Well I usually consider myself bleeding edge on some things, like HDTVs, I'm on my 2nd looking for my 3rd.
However, in this case I think it's less bleeding edge, than the companies including M$ and Intel introducing standards no one knowsare necessary. If we knew about this (I knew about HDCP but not that it was going to be necessary for Blu ray period (what about laptops with direct connections to LCDs most of throse are going to be through non HDCP connections too I'd think, despite the ease of facilitating such a connection.

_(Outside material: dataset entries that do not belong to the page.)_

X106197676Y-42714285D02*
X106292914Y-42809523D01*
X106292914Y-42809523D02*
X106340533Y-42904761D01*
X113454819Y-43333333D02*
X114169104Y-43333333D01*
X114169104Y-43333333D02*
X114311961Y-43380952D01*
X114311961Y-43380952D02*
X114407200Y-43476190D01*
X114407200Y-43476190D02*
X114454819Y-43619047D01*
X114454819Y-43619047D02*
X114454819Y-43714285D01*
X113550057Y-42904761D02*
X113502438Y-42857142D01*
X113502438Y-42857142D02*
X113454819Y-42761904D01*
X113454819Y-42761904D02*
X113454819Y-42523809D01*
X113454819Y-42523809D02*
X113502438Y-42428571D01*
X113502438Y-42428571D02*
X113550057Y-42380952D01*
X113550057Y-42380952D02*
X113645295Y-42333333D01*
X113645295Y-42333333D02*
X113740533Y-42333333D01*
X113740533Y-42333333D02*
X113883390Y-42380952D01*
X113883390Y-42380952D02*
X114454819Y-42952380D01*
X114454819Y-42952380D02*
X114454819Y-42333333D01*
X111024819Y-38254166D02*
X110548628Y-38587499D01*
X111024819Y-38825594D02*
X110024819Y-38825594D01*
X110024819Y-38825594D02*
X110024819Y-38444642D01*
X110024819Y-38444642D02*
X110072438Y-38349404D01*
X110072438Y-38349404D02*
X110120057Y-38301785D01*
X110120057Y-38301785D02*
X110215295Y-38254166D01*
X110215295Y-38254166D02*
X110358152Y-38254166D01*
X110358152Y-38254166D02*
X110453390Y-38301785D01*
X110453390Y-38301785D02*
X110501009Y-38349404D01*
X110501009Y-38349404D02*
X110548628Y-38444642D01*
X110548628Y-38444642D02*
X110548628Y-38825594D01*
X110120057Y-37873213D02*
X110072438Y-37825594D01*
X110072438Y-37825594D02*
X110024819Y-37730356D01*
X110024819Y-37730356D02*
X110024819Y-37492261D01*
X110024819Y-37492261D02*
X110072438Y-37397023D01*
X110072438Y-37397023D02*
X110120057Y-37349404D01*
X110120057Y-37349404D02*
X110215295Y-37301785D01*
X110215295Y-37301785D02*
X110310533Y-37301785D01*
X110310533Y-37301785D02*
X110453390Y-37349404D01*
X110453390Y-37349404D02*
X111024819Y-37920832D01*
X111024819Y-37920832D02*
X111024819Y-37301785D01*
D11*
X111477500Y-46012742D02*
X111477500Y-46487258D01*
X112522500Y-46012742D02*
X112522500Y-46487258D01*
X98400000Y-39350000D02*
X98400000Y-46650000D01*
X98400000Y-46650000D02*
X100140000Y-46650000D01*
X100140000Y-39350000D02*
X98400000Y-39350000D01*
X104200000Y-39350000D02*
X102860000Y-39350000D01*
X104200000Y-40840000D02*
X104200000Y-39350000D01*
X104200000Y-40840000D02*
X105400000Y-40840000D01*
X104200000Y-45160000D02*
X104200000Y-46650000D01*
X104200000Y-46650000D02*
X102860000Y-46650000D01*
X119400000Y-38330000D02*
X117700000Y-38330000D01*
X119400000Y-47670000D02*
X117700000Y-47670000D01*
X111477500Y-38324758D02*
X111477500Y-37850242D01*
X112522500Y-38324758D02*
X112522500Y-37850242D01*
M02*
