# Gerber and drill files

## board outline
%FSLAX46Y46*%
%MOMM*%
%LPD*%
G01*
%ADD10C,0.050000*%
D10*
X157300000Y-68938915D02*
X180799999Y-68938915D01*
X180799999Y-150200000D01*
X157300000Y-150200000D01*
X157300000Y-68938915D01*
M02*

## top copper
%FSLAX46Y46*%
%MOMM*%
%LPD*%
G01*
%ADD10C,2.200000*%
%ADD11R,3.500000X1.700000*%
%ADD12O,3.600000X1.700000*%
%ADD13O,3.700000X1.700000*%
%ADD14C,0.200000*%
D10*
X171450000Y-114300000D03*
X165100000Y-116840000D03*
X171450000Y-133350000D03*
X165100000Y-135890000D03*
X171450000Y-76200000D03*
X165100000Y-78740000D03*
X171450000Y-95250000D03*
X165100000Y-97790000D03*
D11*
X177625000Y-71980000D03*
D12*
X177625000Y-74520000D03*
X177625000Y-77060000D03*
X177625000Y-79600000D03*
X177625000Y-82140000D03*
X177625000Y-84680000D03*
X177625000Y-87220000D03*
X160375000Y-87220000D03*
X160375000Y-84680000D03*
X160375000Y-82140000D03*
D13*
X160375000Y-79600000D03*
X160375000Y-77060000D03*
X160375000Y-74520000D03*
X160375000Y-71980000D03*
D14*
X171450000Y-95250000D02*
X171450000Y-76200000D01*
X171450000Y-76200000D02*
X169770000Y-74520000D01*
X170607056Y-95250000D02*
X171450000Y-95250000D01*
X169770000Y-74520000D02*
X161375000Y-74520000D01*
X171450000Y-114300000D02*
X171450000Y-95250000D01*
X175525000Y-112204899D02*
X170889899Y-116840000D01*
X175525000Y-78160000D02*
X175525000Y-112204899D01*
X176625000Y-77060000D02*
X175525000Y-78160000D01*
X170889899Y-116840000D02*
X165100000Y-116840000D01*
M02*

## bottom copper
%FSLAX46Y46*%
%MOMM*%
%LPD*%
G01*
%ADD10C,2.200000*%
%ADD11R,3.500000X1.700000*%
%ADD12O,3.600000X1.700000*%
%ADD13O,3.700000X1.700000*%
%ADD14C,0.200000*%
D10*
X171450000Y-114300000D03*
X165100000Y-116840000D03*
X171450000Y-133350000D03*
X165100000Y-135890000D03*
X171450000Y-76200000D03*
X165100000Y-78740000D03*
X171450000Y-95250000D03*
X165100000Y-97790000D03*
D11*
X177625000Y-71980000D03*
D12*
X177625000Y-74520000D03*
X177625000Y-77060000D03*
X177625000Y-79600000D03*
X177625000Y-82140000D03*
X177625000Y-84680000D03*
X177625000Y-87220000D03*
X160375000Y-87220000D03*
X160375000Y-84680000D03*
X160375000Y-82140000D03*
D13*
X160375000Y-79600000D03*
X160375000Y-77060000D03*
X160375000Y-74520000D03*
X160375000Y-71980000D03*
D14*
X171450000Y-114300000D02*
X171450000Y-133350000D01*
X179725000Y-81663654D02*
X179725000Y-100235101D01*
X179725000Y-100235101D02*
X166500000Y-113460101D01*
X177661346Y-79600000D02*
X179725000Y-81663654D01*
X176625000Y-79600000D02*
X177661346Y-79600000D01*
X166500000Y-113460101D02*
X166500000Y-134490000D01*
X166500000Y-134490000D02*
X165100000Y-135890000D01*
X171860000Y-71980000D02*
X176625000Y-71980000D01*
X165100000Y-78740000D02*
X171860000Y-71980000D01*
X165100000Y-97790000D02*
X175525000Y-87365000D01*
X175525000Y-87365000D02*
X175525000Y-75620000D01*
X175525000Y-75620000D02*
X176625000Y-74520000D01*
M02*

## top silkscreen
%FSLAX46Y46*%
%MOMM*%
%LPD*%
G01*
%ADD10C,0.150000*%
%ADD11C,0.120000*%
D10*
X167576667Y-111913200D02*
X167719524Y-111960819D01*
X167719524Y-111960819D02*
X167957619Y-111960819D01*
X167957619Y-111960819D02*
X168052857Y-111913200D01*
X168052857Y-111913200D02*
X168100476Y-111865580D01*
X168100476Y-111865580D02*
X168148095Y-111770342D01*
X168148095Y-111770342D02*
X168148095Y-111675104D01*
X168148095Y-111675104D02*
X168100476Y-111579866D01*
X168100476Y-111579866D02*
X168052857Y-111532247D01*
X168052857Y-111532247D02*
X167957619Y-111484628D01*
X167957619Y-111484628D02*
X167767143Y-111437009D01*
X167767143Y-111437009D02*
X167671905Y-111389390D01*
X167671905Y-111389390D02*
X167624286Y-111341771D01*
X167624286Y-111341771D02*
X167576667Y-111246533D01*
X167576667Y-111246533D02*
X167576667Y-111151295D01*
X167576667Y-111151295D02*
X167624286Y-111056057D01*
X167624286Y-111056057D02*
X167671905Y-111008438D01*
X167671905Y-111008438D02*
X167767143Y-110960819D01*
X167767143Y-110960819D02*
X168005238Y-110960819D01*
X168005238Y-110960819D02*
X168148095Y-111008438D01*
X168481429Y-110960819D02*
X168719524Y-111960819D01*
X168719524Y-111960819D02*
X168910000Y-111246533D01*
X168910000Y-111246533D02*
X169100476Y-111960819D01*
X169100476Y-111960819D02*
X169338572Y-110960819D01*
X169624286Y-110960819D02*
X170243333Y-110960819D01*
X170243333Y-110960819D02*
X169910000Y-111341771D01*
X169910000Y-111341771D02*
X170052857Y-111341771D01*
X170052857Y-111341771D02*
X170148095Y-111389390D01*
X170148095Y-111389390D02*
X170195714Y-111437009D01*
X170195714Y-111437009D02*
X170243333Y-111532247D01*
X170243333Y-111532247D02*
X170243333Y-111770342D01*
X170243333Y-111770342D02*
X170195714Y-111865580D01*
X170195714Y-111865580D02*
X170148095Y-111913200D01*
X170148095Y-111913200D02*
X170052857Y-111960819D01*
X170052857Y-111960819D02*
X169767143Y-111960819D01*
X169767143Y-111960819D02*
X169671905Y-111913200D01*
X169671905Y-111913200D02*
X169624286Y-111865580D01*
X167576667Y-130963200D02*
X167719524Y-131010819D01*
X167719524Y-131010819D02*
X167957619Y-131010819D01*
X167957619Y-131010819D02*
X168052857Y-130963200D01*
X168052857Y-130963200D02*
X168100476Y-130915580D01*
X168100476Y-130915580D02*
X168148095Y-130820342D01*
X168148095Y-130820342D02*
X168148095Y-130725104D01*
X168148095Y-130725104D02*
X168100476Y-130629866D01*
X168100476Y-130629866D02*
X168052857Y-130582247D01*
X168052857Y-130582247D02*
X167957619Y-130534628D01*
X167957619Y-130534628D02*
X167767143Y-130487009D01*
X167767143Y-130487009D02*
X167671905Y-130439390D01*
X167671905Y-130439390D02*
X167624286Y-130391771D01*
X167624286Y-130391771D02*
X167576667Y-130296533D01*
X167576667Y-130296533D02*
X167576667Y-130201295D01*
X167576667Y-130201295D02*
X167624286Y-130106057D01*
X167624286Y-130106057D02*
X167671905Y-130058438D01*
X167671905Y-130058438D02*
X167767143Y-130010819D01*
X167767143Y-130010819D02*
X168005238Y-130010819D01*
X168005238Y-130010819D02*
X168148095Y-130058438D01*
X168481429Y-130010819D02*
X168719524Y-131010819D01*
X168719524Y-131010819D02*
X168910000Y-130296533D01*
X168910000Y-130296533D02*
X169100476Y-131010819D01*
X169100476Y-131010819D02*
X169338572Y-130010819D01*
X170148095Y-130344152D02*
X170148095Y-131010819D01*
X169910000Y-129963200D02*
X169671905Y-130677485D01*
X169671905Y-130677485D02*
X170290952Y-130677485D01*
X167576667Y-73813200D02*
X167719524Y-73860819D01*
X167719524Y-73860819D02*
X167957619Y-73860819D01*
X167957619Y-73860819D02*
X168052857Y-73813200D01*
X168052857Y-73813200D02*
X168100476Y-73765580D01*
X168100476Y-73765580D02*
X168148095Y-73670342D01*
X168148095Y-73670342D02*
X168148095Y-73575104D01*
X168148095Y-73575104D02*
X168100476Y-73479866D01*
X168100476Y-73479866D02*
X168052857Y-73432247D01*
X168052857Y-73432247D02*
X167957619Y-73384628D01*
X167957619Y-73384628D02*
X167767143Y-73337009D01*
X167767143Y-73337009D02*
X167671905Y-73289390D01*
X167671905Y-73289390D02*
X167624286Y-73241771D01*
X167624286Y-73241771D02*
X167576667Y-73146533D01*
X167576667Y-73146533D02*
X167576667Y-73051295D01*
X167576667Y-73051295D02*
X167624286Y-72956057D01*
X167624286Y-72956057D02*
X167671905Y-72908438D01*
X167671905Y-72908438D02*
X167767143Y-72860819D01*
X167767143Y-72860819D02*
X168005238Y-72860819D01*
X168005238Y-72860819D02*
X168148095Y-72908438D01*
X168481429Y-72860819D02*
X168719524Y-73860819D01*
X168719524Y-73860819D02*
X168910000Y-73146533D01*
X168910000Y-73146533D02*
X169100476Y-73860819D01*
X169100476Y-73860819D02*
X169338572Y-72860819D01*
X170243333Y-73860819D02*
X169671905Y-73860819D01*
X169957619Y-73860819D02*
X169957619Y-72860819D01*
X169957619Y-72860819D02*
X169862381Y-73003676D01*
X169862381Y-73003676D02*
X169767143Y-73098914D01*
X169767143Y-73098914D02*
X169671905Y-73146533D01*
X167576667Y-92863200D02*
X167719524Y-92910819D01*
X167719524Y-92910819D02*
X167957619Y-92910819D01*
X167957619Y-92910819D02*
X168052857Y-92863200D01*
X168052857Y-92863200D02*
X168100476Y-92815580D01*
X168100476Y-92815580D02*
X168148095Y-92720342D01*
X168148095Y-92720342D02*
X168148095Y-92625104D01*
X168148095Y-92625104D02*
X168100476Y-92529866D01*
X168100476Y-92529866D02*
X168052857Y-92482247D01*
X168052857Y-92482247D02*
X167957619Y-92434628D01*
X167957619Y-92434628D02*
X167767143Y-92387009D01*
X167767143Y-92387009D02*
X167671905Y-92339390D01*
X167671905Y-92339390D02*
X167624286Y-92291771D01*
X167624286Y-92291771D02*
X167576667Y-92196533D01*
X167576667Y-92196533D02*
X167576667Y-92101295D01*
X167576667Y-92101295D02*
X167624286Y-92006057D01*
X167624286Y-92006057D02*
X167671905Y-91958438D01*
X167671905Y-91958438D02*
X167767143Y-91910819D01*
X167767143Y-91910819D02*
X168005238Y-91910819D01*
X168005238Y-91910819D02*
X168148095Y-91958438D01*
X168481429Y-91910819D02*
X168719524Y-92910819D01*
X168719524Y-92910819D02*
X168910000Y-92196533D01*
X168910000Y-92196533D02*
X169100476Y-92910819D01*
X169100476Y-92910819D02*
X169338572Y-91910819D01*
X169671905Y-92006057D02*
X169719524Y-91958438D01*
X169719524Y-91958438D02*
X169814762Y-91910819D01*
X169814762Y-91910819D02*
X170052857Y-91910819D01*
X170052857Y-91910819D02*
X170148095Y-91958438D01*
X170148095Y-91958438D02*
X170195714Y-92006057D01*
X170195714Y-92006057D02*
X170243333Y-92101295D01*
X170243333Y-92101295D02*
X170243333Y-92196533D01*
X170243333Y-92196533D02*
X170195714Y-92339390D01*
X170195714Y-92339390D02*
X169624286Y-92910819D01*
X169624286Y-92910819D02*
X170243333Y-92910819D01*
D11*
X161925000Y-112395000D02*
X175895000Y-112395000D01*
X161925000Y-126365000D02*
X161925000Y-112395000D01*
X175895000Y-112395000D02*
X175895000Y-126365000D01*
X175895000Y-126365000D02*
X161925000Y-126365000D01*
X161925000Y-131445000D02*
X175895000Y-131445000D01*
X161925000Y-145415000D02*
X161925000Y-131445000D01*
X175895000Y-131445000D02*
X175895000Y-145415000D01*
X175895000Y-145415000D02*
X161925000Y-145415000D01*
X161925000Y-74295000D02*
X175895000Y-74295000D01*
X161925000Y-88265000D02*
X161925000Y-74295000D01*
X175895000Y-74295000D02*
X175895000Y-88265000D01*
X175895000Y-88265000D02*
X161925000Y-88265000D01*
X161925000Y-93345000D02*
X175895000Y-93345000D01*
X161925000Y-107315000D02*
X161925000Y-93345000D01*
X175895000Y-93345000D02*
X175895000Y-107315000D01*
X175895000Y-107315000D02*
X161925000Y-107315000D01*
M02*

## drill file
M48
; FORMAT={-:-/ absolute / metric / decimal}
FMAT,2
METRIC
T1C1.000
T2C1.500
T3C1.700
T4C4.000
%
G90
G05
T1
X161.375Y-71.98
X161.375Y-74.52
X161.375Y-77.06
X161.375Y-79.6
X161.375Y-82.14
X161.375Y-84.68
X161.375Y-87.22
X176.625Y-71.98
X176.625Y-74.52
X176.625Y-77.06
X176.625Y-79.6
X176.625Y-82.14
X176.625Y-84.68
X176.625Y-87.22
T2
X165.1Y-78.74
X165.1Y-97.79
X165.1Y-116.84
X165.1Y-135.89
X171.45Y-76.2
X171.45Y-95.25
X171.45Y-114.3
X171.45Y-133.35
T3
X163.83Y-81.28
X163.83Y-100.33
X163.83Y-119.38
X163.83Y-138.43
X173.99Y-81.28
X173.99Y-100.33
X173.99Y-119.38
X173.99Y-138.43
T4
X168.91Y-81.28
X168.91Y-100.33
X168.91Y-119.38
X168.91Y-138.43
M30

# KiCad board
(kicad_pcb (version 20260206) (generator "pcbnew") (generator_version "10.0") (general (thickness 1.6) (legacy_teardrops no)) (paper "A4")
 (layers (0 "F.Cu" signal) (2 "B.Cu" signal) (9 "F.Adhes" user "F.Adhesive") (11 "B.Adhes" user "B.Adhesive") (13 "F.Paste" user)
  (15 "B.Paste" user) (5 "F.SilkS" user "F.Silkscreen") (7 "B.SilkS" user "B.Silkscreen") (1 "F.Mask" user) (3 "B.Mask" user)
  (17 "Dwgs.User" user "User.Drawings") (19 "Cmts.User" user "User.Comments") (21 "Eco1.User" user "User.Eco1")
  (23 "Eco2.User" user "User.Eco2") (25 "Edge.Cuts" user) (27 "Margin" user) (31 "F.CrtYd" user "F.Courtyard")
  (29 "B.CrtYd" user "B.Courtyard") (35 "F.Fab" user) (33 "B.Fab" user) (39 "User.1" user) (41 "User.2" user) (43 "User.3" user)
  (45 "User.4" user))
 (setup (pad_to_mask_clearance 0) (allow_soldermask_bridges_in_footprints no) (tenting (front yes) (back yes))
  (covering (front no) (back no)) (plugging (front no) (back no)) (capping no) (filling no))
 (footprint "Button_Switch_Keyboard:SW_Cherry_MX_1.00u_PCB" (layer "F.Cu") (at 171.45 114.3)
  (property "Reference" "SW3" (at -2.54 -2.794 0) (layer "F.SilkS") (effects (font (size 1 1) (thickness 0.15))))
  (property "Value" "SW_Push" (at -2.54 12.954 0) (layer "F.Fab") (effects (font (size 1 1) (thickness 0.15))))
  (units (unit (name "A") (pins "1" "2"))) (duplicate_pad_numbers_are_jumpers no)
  (fp_line (start -9.525 -1.905) (end 4.445 -1.905) (stroke (width 0.12) (type solid)) (layer "F.SilkS"))
  (fp_line (start -9.525 12.065) (end -9.525 -1.905) (stroke (width 0.12) (type solid)) (layer "F.SilkS"))
  (fp_line (start 4.445 -1.905) (end 4.445 12.065) (stroke (width 0.12) (type solid)) (layer "F.SilkS"))
  (fp_line (start 4.445 12.065) (end -9.525 12.065) (stroke (width 0.12) (type solid)) (layer "F.SilkS"))
  (pad "" np_thru_hole circle (at -7.62 5.08) (size 1.7 1.7) (drill 1.7) (layers "*.Cu" "*.Mask"))
  (pad "" np_thru_hole circle (at -2.54 5.08) (size 4 4) (drill 4) (layers "*.Cu" "*.Mask"))
  (pad "" np_thru_hole circle (at 2.54 5.08) (size 1.7 1.7) (drill 1.7) (layers "*.Cu" "*.Mask"))
  (pad "1" thru_hole circle (at 0 0) (size 2.2 2.2) (drill 1.5) (layers "*.Cu" "*.Mask") (remove_unused_layers no) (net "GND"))
  (pad "2" thru_hole circle (at -6.35 2.54) (size 2.2 2.2) (drill 1.5) (layers "*.Cu" "*.Mask") (remove_unused_layers no)
   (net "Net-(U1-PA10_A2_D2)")))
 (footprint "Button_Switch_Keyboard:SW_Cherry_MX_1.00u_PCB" (layer "F.Cu") (at 171.45 133.35)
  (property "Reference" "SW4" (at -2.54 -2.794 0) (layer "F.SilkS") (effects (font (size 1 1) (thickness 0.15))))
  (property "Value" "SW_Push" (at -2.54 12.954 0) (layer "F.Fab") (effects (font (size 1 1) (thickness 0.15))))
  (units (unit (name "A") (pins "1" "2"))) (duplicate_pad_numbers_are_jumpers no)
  (fp_line (start -9.525 -1.905) (end 4.445 -1.905) (stroke (width 0.12) (type solid)) (layer "F.SilkS"))
  (fp_line (start -9.525 12.065) (end -9.525 -1.905) (stroke (width 0.12) (type solid)) (layer "F.SilkS"))
  (fp_line (start 4.445 -1.905) (end 4.445 12.065) (stroke (width 0.12) (type solid)) (layer "F.SilkS"))
  (fp_line (start 4.445 12.065) (end -9.525 12.065) (stroke (width 0.12) (type solid)) (layer "F.SilkS"))
  (pad "" np_thru_hole circle (at -7.62 5.08) (size 1.7 1.7) (drill 1.7) (layers "*.Cu" "*.Mask"))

I also think alot of people expected M$ to drop this the way they did previous intrusive methods M$ secur-check and unique Intel Processor ID (which is still there just no implemented much).
*warning*
[rant]But once again the jerks in big studios won out. Because they still want to charge you $50 for a copy of The Great Escape or Groundhog Day without any additional features, despite having recouped all the production costs, etc. long ago. If they made DVDs and CDs cheap like the technology was supposed to promise, people'd buy them. And they took so long to launch DVD-A and SACD or even PCgames on DVD, that by the time they got their act together to make 'normal profits' off of the advancements, the burner/media technology caught up to them. They spend so much time worrying about the copy protection, that they release the technology in quantity long after the average public can make piracy cheap enough. You show me a single effective anti-piracy measure, and I'll show you something that the crackers haven't even bothered with yet. The studios just don't understand that people want reasonable prices, not unreasonable restrictions so they can continue to fund payola and mansions and jets, etc. The artists don't see a fraction of that money it's used to prop up the industry itself. The artists would make ore money giving away their music and charging for concerts/shirts, etc. than any other model they could come up with, and for hollywood, they would make more money if they made it more affordable, sure some people will never buy DVDs, but most would rather a store bought one for $7.99-9.99 than renting and burning a copy. They don't seem to realise measures like this just tick people off and hurt their overall market.
[/rant]
The other thing that disturbed me was the down scaling in resolution for high def content that doesn't support HDCP. I knew it would be downscaled but I believe it says by 75%? So does that mean a 1080 signal will be down to 270? I mean common, that's not even DVD quality!
Actually the 75% is the global reduction, so thing half-height and half-width, and not surprisingly enough that comes close (960x540) to matching the 640x480/720x540 type of resolution, and that makes sense. Without HDCP you will only get the current DVD style resoulution not the 1920x1080i/p or 1280x720p that would be offered by HD disks.
So indeed any 1080p content downconverted to SDTV/EDTV would be LESS than 20% the overall picture information of the original.